## [Data in this exercise]
────────

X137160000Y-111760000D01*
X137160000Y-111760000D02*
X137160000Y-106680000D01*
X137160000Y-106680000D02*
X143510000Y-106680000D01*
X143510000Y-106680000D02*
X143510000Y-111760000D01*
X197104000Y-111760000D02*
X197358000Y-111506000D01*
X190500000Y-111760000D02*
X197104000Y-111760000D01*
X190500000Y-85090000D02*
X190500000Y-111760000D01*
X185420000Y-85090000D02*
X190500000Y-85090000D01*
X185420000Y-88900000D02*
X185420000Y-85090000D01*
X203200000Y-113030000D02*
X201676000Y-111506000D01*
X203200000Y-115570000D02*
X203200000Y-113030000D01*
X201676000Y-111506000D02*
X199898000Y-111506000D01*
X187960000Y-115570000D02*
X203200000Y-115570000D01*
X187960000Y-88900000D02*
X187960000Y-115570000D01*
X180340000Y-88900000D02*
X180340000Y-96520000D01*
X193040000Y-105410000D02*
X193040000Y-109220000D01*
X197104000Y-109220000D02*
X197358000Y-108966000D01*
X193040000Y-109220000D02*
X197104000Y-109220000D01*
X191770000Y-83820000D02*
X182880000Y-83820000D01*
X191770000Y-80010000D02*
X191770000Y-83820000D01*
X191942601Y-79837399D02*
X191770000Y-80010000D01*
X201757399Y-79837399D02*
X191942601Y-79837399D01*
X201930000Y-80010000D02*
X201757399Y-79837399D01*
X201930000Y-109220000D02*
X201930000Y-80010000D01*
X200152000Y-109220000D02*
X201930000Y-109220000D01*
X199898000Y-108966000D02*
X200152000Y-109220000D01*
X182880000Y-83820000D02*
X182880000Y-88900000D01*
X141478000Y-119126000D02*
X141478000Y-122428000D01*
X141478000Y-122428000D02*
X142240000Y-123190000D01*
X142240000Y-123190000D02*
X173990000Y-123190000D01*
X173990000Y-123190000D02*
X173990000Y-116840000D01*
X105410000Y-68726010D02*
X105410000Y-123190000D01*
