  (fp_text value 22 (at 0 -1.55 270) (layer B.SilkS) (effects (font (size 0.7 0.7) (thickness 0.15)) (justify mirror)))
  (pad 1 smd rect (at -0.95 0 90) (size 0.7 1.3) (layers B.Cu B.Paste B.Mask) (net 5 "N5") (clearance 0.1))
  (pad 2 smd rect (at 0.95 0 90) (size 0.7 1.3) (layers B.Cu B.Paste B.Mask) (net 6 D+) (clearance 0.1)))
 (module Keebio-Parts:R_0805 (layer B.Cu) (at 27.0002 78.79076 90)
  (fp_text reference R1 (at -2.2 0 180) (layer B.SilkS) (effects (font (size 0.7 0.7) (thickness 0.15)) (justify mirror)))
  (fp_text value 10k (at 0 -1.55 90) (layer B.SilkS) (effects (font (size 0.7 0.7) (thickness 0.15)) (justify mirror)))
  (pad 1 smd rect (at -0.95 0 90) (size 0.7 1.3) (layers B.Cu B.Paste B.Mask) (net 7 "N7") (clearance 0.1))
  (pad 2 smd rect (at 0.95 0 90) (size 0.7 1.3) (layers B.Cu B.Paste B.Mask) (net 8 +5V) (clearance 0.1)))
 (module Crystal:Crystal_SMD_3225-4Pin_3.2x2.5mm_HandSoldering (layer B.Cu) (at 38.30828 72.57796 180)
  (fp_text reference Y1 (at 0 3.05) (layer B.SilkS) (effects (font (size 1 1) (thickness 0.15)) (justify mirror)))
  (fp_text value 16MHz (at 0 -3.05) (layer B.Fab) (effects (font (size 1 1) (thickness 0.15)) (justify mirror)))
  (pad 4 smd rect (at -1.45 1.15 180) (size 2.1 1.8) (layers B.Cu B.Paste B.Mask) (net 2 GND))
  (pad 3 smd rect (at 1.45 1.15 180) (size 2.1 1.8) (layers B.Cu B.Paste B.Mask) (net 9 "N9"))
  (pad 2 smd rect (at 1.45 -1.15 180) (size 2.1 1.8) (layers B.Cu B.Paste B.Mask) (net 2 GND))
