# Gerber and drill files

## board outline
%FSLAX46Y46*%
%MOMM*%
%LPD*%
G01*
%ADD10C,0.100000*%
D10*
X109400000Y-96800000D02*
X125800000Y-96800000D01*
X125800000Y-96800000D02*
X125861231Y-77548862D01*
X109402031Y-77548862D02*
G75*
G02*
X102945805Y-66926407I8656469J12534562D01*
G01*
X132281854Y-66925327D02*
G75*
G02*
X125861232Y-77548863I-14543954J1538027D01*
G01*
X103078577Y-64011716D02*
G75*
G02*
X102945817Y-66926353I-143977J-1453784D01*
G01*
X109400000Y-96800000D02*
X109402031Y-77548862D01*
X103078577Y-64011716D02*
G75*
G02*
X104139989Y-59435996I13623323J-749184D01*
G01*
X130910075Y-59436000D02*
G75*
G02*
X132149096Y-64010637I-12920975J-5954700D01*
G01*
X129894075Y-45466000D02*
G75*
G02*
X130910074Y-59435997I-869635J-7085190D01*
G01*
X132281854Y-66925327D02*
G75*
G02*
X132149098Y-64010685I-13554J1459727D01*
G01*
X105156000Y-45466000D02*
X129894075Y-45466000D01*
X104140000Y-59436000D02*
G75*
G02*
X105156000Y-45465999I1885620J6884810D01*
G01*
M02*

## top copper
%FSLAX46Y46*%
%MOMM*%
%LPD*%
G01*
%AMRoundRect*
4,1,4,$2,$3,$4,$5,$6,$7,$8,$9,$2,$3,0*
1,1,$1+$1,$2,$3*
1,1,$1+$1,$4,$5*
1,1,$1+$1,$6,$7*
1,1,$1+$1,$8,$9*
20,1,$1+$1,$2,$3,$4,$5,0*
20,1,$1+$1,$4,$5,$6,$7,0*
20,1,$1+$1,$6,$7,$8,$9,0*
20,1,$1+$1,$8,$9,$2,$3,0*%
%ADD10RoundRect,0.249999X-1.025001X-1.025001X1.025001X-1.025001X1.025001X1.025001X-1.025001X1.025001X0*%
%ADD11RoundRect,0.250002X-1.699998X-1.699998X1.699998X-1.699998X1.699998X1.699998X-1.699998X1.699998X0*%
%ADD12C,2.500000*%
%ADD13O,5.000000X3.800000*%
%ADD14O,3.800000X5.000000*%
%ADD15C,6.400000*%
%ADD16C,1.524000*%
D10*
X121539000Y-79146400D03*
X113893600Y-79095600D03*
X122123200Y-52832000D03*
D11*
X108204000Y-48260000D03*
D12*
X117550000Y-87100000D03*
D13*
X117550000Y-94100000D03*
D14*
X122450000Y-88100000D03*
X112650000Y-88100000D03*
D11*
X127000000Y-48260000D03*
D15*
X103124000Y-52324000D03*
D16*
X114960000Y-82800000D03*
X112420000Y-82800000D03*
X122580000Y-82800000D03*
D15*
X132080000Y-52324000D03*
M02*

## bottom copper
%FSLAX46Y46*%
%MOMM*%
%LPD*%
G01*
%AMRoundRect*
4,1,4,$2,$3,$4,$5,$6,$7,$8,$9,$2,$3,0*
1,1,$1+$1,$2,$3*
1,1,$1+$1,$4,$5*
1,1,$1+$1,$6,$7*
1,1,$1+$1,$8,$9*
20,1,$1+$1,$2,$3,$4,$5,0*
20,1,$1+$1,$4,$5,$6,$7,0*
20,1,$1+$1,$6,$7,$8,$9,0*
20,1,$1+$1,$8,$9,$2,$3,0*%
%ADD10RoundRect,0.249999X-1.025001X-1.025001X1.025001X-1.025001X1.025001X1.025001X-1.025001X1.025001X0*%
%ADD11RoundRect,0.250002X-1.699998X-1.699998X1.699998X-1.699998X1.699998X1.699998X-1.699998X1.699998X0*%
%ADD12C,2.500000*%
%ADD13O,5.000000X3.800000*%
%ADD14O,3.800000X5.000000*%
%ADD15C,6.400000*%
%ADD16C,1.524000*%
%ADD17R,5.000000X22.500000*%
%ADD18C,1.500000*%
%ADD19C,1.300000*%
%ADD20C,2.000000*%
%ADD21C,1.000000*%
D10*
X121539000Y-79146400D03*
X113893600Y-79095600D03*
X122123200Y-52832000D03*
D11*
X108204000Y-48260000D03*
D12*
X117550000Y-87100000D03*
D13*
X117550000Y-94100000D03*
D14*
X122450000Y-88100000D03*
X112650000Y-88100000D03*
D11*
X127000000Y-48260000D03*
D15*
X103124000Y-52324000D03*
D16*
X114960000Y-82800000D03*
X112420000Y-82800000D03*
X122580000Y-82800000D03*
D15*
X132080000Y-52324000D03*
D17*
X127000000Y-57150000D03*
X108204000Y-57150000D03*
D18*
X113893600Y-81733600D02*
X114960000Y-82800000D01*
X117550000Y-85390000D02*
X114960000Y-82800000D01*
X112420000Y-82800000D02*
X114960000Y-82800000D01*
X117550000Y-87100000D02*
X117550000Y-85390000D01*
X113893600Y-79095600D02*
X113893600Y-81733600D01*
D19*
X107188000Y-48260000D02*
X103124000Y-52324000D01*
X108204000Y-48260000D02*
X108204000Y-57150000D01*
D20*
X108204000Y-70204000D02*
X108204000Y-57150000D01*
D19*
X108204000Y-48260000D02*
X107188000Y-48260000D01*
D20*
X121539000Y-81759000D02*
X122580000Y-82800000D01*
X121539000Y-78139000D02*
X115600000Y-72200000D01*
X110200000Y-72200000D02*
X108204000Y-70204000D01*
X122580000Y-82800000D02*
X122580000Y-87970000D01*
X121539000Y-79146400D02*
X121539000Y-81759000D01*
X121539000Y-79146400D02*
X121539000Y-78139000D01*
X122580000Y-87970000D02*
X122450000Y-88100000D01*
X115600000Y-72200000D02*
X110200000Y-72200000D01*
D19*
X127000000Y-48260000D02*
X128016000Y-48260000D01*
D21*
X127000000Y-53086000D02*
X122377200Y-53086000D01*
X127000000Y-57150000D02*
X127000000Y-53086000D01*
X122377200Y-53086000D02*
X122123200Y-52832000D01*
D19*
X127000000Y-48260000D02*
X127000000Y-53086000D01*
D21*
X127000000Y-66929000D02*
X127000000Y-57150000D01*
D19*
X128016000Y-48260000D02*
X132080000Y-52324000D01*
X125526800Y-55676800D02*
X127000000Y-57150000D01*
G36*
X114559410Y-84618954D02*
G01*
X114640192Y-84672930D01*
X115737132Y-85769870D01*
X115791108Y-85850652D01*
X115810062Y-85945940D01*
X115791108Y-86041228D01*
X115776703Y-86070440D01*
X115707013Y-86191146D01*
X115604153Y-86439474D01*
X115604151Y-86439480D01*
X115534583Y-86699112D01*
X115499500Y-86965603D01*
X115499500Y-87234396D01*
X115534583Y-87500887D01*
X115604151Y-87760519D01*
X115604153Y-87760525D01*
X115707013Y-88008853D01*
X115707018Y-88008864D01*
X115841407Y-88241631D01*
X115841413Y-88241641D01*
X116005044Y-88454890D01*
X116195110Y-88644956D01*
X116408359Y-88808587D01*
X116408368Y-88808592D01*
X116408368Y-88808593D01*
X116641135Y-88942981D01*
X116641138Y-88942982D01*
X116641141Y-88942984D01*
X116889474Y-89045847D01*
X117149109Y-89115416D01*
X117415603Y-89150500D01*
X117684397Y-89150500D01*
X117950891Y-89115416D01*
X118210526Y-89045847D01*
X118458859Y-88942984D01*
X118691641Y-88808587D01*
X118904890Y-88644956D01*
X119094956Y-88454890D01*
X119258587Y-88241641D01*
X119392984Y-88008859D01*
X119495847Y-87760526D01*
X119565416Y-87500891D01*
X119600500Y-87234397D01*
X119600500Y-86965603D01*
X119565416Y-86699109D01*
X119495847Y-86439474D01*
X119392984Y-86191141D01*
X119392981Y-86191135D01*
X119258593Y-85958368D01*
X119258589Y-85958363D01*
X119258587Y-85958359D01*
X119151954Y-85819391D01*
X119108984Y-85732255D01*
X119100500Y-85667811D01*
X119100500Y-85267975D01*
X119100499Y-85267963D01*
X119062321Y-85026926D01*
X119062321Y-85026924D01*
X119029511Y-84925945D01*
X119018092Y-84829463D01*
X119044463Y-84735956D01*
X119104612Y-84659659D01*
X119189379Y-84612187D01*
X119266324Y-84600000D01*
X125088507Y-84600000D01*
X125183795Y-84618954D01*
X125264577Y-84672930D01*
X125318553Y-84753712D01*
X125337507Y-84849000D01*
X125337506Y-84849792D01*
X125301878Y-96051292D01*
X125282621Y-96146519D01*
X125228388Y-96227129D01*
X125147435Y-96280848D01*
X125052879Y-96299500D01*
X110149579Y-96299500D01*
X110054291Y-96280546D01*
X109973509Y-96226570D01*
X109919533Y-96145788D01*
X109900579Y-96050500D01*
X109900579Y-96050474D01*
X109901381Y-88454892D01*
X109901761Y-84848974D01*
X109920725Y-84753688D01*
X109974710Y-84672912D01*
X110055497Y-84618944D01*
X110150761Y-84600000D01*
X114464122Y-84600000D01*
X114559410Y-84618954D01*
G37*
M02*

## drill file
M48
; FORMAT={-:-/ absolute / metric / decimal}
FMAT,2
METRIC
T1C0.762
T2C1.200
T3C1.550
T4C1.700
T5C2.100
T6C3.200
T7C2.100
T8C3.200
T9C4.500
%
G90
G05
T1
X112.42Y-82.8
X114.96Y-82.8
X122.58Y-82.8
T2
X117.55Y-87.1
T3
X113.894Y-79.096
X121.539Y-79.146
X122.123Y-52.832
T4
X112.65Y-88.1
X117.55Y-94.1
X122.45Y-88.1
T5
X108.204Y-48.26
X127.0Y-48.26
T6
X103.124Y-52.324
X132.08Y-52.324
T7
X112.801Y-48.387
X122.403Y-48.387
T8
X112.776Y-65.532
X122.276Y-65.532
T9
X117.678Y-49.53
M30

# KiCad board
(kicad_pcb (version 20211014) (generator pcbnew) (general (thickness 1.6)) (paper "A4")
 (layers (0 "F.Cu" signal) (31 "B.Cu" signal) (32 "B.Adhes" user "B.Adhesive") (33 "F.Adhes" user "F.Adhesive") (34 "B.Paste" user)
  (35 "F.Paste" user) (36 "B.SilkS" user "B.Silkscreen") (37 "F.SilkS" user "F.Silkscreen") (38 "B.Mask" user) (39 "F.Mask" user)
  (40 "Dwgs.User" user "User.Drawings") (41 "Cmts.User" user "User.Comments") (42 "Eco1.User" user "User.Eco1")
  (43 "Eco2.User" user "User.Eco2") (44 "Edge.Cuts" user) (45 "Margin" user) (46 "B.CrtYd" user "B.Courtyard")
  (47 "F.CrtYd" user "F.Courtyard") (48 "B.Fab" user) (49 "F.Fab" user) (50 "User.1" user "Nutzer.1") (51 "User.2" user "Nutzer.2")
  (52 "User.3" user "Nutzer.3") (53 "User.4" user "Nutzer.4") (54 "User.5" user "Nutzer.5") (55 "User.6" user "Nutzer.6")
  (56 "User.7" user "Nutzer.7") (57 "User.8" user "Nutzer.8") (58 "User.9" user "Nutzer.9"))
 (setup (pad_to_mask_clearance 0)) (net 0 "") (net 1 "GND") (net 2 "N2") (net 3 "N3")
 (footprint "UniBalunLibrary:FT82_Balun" (layer "F.Cu") (at 117.602 65.532)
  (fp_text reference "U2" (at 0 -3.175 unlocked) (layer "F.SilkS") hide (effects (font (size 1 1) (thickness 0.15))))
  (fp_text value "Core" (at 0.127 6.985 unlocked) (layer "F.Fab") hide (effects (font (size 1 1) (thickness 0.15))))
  (pad "" np_thru_hole circle (at -4.826 0) (size 3.2 3.2) (drill 3.2) (layers *.Cu *.Mask))
  (pad "" np_thru_hole circle (at 4.6736 0) (size 3.2 3.2) (drill 3.2) (layers *.Cu *.Mask))
  (pad "1" thru_hole roundrect (at 3.937 13.6144) (size 2.55 2.55) (drill 1.55) (layers *.Cu *.Mask) (roundrect_rratio 0.098039)
   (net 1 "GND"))
  (pad "2" thru_hole roundrect (at -3.7084 13.5636) (size 2.55 2.55) (drill 1.55) (layers *.Cu *.Mask) (roundrect_rratio 0.098039)
   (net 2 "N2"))
  (pad "3" thru_hole roundrect (at 4.5212 -12.7) (size 2.55 2.55) (drill 1.55) (layers *.Cu *.Mask) (roundrect_rratio 0.098039) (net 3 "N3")))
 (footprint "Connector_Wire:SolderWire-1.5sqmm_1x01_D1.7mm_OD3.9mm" (layer "F.Cu") (at 108.204 48.26)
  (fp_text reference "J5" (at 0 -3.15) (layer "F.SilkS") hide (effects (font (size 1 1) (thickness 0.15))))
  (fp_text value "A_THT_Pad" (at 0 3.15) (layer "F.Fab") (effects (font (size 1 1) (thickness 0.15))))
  (pad "1" thru_hole roundrect (at 0 0) (size 3.9 3.9) (drill 2.1) (layers *.Cu *.Mask) (roundrect_rratio 0.064103) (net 1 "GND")))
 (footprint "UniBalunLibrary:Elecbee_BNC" (layer "F.Cu") (at 112.65 88.1)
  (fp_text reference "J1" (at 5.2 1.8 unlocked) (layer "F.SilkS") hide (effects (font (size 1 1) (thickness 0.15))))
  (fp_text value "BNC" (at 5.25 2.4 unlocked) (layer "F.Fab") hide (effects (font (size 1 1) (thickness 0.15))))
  (pad "1" thru_hole circle (at 4.9 -1) (size 2.5 2.5) (drill 1.2) (layers *.Cu *.Mask) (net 2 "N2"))
  (pad "2" thru_hole oval (at 4.9 6 90) (size 3.8 5) (drill 1.7) (layers *.Cu *.Mask) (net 1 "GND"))
  (pad "2" thru_hole oval (at 9.8 0) (size 3.8 5) (drill 1.7) (layers *.Cu *.Mask) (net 1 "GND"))
  (pad "2" thru_hole oval (at 0 0) (size 3.8 5) (drill 1.7) (layers *.Cu *.Mask) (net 1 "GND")))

────────

For this exercise, repeat exactly the lines of the data above from the one with "X125264577Y-84672930D01*" down to the one with "X112.776Y-65.532", both end lines included.

## [Answer for this exercise]
X125264577Y-84672930D01*
X125318553Y-84753712D01*
X125337507Y-84849000D01*
X125337506Y-84849792D01*
X125301878Y-96051292D01*
X125282621Y-96146519D01*
X125228388Y-96227129D01*
X125147435Y-96280848D01*
X125052879Y-96299500D01*
X110149579Y-96299500D01*
X110054291Y-96280546D01*
X109973509Y-96226570D01*
X109919533Y-96145788D01*
X109900579Y-96050500D01*
X109900579Y-96050474D01*
X109901381Y-88454892D01*
X109901761Y-84848974D01*
X109920725Y-84753688D01*
X109974710Y-84672912D01*
X110055497Y-84618944D01*
X110150761Y-84600000D01*
X114464122Y-84600000D01*
X114559410Y-84618954D01*
G37*
M02*

## drill file
M48
; FORMAT={-:-/ absolute / metric / decimal}
FMAT,2
METRIC
T1C0.762
T2C1.200
T3C1.550
T4C1.700
T5C2.100
T6C3.200
T7C2.100
T8C3.200
T9C4.500
%
G90
G05
T1
X112.42Y-82.8
X114.96Y-82.8
X122.58Y-82.8
T2
X117.55Y-87.1
T3
X113.894Y-79.096
X121.539Y-79.146
X122.123Y-52.832
T4
X112.65Y-88.1
X117.55Y-94.1
X122.45Y-88.1
T5
X108.204Y-48.26
X127.0Y-48.26
T6
X103.124Y-52.324
X132.08Y-52.324
T7
X112.801Y-48.387
X122.403Y-48.387
T8
X112.776Y-65.532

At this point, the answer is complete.